Congratulations on the new splitter. Others have given some good advice so I'll just touch a little. As for the oil/grease thing, when I am done splitting, I then put the splitter into horizontal position for storing. I also then put some oil on the beam and run the ram through a cycle to spread the oil. Then the splitter is ready for storage. I do not put oil on the beam during the splitting and of course one should not put grease on the beam. In fact, the manual states to put oil on the beam and not grease.

I do not run ours at full throttle unless it is some tough stuff.

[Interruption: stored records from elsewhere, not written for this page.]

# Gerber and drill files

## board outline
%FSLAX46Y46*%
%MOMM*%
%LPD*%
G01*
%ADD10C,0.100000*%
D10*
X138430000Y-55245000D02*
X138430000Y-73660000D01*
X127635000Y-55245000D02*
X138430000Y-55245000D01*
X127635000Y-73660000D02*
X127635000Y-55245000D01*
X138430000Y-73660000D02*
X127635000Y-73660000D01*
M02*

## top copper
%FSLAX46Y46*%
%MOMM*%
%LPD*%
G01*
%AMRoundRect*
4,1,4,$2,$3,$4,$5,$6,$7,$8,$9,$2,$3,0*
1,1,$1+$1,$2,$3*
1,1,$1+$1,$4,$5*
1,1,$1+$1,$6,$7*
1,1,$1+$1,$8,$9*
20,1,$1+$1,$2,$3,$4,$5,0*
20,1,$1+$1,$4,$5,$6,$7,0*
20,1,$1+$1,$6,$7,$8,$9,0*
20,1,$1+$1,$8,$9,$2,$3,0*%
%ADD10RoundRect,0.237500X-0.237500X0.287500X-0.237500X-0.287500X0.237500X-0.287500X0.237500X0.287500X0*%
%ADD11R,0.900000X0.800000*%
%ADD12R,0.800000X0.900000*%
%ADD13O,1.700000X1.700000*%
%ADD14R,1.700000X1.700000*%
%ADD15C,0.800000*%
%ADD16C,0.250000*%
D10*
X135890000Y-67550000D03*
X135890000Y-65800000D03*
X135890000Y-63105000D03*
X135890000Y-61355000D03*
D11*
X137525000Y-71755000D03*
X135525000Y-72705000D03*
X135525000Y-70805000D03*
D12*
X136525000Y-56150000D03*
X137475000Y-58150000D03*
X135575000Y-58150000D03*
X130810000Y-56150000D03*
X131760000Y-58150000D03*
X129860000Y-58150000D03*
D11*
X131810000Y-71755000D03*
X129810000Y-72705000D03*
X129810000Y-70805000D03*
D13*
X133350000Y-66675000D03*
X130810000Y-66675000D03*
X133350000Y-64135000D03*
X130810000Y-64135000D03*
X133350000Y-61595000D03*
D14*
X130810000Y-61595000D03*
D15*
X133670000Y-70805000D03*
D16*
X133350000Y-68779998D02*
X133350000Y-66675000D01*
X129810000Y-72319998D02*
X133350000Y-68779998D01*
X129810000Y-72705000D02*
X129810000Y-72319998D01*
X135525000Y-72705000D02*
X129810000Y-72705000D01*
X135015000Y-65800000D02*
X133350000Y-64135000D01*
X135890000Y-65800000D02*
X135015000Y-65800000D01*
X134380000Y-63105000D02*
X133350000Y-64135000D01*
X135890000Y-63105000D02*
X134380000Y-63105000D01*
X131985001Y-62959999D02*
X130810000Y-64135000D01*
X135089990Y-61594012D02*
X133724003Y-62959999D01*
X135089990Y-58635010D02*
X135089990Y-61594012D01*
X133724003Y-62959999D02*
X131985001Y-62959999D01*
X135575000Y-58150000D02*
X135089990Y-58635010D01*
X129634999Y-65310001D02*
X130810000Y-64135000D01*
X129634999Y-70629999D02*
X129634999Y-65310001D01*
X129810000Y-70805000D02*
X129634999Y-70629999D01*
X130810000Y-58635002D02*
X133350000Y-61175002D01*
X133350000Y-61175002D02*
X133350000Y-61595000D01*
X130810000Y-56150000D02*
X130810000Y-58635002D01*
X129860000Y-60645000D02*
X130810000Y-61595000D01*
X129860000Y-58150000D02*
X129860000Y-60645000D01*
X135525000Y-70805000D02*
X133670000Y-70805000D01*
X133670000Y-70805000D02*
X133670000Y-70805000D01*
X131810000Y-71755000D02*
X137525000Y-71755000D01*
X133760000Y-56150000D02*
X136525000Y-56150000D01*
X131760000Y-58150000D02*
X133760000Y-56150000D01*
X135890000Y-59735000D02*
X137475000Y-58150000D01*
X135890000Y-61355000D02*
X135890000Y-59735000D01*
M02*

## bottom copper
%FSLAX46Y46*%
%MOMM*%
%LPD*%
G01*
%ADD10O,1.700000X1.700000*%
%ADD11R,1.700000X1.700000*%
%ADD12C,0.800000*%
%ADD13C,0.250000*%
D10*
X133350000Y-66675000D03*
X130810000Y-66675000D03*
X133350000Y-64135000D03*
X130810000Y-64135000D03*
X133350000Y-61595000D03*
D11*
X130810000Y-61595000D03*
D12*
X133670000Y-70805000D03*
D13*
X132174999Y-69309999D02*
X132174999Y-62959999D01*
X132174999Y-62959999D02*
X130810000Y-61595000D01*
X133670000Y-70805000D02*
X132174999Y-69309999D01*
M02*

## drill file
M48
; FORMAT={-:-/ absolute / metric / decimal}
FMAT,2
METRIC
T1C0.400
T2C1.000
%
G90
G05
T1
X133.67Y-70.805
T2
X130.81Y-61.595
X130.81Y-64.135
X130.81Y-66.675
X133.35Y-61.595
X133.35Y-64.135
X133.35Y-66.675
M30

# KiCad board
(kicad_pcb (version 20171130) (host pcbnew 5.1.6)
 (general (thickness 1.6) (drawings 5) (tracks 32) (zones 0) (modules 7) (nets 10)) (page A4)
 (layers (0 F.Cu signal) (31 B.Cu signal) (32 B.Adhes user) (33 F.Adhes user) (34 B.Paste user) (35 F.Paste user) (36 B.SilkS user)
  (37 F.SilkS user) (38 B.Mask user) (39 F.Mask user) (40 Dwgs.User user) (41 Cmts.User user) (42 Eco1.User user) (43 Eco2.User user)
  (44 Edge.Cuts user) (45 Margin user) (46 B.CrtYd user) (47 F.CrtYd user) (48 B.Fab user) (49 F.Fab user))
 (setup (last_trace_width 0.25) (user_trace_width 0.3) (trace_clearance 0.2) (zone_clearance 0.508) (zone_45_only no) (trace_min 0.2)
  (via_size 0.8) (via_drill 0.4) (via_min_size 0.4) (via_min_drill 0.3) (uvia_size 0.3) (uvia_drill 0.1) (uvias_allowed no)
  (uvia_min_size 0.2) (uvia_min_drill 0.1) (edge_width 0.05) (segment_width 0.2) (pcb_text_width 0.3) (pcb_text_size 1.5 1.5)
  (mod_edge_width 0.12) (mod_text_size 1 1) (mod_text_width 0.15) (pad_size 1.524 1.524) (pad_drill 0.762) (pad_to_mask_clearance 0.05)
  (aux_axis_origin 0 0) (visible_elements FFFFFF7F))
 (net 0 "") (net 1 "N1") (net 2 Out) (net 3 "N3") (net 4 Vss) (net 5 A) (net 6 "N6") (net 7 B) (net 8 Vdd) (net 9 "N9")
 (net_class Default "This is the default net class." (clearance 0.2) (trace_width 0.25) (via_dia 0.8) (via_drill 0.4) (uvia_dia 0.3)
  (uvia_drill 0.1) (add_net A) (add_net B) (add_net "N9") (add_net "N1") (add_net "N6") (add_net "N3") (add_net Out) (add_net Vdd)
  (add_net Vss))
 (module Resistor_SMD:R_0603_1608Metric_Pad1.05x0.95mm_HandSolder (layer F.Cu) (at 135.89 66.675 270)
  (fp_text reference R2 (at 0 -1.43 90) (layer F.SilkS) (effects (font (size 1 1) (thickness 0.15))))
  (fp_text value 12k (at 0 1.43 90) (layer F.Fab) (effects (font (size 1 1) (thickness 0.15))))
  (pad 2 smd roundrect (at 0.875 0 270) (size 1.05 0.95) (layers F.Cu F.Paste F.Mask) (roundrect_rratio 0.25) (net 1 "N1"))
  (pad 1 smd roundrect (at -0.875 0 270) (size 1.05 0.95) (layers F.Cu F.Paste F.Mask) (roundrect_rratio 0.25) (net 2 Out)))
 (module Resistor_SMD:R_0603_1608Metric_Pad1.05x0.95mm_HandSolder (layer F.Cu) (at 135.89 62.23 270)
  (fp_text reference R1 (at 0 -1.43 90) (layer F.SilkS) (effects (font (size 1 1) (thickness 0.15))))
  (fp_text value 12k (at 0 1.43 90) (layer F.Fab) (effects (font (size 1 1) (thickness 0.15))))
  (pad 2 smd roundrect (at 0.875 0 270) (size 1.05 0.95) (layers F.Cu F.Paste F.Mask) (roundrect_rratio 0.25) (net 2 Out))
  (pad 1 smd roundrect (at -0.875 0 270) (size 1.05 0.95) (layers F.Cu F.Paste F.Mask) (roundrect_rratio 0.25) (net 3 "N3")))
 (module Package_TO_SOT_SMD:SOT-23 (layer F.Cu) (at 136.525 71.755)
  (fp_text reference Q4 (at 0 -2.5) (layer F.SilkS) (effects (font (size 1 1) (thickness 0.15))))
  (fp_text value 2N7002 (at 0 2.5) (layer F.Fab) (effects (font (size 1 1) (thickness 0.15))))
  (pad 3 smd rect (at 1 0) (size 0.9 0.8) (layers F.Cu F.Paste F.Mask) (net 1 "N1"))
  (pad 2 smd rect (at -1 0.95) (size 0.9 0.8) (layers F.Cu F.Paste F.Mask) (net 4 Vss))
  (pad 1 smd rect (at -1 -0.95) (size 0.9 0.8) (layers F.Cu F.Paste F.Mask) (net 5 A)))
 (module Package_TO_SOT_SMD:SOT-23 (layer F.Cu) (at 136.525 57.15 90)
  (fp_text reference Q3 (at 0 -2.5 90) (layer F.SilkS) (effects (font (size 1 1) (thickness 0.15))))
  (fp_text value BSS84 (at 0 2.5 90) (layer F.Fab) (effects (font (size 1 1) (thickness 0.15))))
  (pad 3 smd rect (at 1 0 90) (size 0.9 0.8) (layers F.Cu F.Paste F.Mask) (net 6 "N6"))
  (pad 2 smd rect (at -1 0.95 90) (size 0.9 0.8) (layers F.Cu F.Paste F.Mask) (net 3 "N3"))
  (pad 1 smd rect (at -1 -0.95 90) (size 0.9 0.8) (layers F.Cu F.Paste F.Mask) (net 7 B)))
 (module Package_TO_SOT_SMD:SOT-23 (layer F.Cu) (at 130.81 57.15 90)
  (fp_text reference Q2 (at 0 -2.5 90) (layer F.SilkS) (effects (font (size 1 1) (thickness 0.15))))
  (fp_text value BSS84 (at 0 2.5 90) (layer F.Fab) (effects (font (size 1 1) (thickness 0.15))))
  (pad 3 smd rect (at 1 0 90) (size 0.9 0.8) (layers F.Cu F.Paste F.Mask) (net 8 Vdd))
  (pad 2 smd rect (at -1 0.95 90) (size 0.9 0.8) (layers F.Cu F.Paste F.Mask) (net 6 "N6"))
  (pad 1 smd rect (at -1 -0.95 90) (size 0.9 0.8) (layers F.Cu F.Paste F.Mask) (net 5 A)))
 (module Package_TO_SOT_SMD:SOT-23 (layer F.Cu) (at 130.81 71.755)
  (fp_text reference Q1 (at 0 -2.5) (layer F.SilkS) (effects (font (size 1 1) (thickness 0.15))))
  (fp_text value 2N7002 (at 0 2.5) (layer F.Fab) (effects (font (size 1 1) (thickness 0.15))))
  (pad 3 smd rect (at 1 0) (size 0.9 0.8) (layers F.Cu F.Paste F.Mask) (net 1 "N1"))
  (pad 2 smd rect (at -1 0.95) (size 0.9 0.8) (layers F.Cu F.Paste F.Mask) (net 4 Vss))
  (pad 1 smd rect (at -1 -0.95) (size 0.9 0.8) (layers F.Cu F.Paste F.Mask) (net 7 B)))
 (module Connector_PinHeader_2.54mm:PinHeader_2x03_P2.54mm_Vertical (layer F.Cu) (at 130.81 61.595)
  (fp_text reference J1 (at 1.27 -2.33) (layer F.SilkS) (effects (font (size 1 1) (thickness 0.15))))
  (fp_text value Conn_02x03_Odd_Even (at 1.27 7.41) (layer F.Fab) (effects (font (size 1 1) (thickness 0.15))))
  (pad 6 thru_hole oval (at 2.54 5.08) (size 1.7 1.7) (drill 1) (layers *.Cu *.Mask) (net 4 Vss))
  (pad 5 thru_hole oval (at 0 5.08) (size 1.7 1.7) (drill 1) (layers *.Cu *.Mask) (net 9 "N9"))
  (pad 4 thru_hole oval (at 2.54 2.54) (size 1.7 1.7) (drill 1) (layers *.Cu *.Mask) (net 2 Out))
  (pad 3 thru_hole oval (at 0 2.54) (size 1.7 1.7) (drill 1) (layers *.Cu *.Mask) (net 7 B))
  (pad 2 thru_hole oval (at 2.54 0) (size 1.7 1.7) (drill 1) (layers *.Cu *.Mask) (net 8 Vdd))
  (pad 1 thru_hole rect (at 0 0) (size 1.7 1.7) (drill 1) (layers *.Cu *.Mask) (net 5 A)))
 (gr_line (start 138.43 55.245) (end 138.43 73.66) (layer Edge.Cuts) (width 0.1))
 (gr_line (start 127.635 55.245) (end 138.43 55.245) (layer Edge.Cuts) (width 0.1))
 (gr_line (start 127.635 73.66) (end 127.635 55.245) (layer Edge.Cuts) (width 0.1))
 (gr_line (start 138.43 73.66) (end 127.635 73.66) (layer Edge.Cuts) (width 0.1))
 (segment (start 133.35 68.779998) (end 133.35 66.675) (width 0.25) (layer F.Cu) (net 4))
 (segment (start 129.81 72.319998) (end 133.35 68.779998) (width 0.25) (layer F.Cu) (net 4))
 (segment (start 129.81 72.705) (end 129.81 72.319998) (width 0.25) (layer F.Cu) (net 4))
 (segment (start 135.525 72.705) (end 129.81 72.705) (width 0.25) (layer F.Cu) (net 4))
 (segment (start 135.015 65.8) (end 133.35 64.135) (width 0.25) (layer F.Cu) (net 2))
 (segment (start 135.89 65.8) (end 135.015 65.8) (width 0.25) (layer F.Cu) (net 2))
 (segment (start 134.38 63.105) (end 133.35 64.135) (width 0.25) (layer F.Cu) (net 2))
 (segment (start 135.89 63.105) (end 134.38 63.105) (width 0.25) (layer F.Cu) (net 2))
 (segment (start 131.985001 62.959999) (end 130.81 64.135) (width 0.25) (layer F.Cu) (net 7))
 (segment (start 135.08999 61.594012) (end 133.724003 62.959999) (width 0.25) (layer F.Cu) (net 7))
 (segment (start 135.08999 58.63501) (end 135.08999 61.594012) (width 0.25) (layer F.Cu) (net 7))
 (segment (start 133.724003 62.959999) (end 131.985001 62.959999) (width 0.25) (layer F.Cu) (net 7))
 (segment (start 135.575 58.15) (end 135.08999 58.63501) (width 0.25) (layer F.Cu) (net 7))
 (segment (start 129.634999 65.310001) (end 130.81 64.135) (width 0.25) (layer F.Cu) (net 7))
 (segment (start 129.634999 70.629999) (end 129.634999 65.310001) (width 0.25) (layer F.Cu) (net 7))
 (segment (start 129.81 70.805) (end 129.634999 70.629999) (width 0.25) (layer F.Cu) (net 7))
 (segment (start 130.81 58.635002) (end 133.35 61.175002) (width 0.25) (layer F.Cu) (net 8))
 (segment (start 133.35 61.175002) (end 133.35 61.595) (width 0.25) (layer F.Cu) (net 8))
 (segment (start 130.81 56.15) (end 130.81 58.635002) (width 0.25) (layer F.Cu) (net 8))
 (segment (start 129.86 60.645) (end 130.81 61.595) (width 0.25) (layer F.Cu) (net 5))
 (segment (start 129.86 58.15) (end 129.86 60.645) (width 0.25) (layer F.Cu) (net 5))
 (segment (start 135.525 70.805) (end 133.67 70.805) (width 0.25) (layer F.Cu) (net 5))
 (segment (start 133.67 70.805) (end 133.67 70.805) (width 0.25) (layer F.Cu) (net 5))
 (via (at 133.67 70.805) (size 0.8) (drill 0.4) (layers F.Cu B.Cu) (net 5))
 (segment (start 132.174999 69.309999) (end 132.174999 62.959999) (width 0.25) (layer B.Cu) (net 5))
 (segment (start 132.174999 62.959999) (end 130.81 61.595) (width 0.25) (layer B.Cu) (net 5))
 (segment (start 133.67 70.805) (end 132.174999 69.309999) (width 0.25) (layer B.Cu) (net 5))
 (segment (start 131.81 71.755) (end 137.525 71.755) (width 0.25) (layer F.Cu) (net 1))
 (segment (start 133.76 56.15) (end 136.525 56.15) (width 0.25) (layer F.Cu) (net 6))
 (segment (start 131.76 58.15) (end 133.76 56.15) (width 0.25) (layer F.Cu) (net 6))
 (segment (start 135.89 59.735) (end 137.475 58.15) (width 0.25) (layer F.Cu) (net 3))
 (segment (start 135.89 61.355) (end 135.89 59.735) (width 0.25) (layer F.Cu) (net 3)))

Normally about 3/4 throttle.

Milk crate is perfect height for splitting.

Have some fun now.


----------



## osagebow (Dec 15, 2012)

Good tips all, thanks. One hose clamp was kinda loose - probably would have failed. Did the "Tighten up" all around and split about 20 slightly punky red oak rounds for my neighbor's smoke dragon, worked great.

_*A word about TSC....*_
The night we bought it, the newer salesperson incorrectly stated a cheaper returned 22 ton unit was sold "as is" with no warrantly whatsoever. So I did not get that unit

Same guy flagged me down when i went back for the manual I forgot to ask for, and  hydro fluid ( a free large jug was given to me) and made sure I was reimbursed the $105 difference from his mistake. I was VERY impressed, so i spent it all in the store.  Definitely a TSC fan now.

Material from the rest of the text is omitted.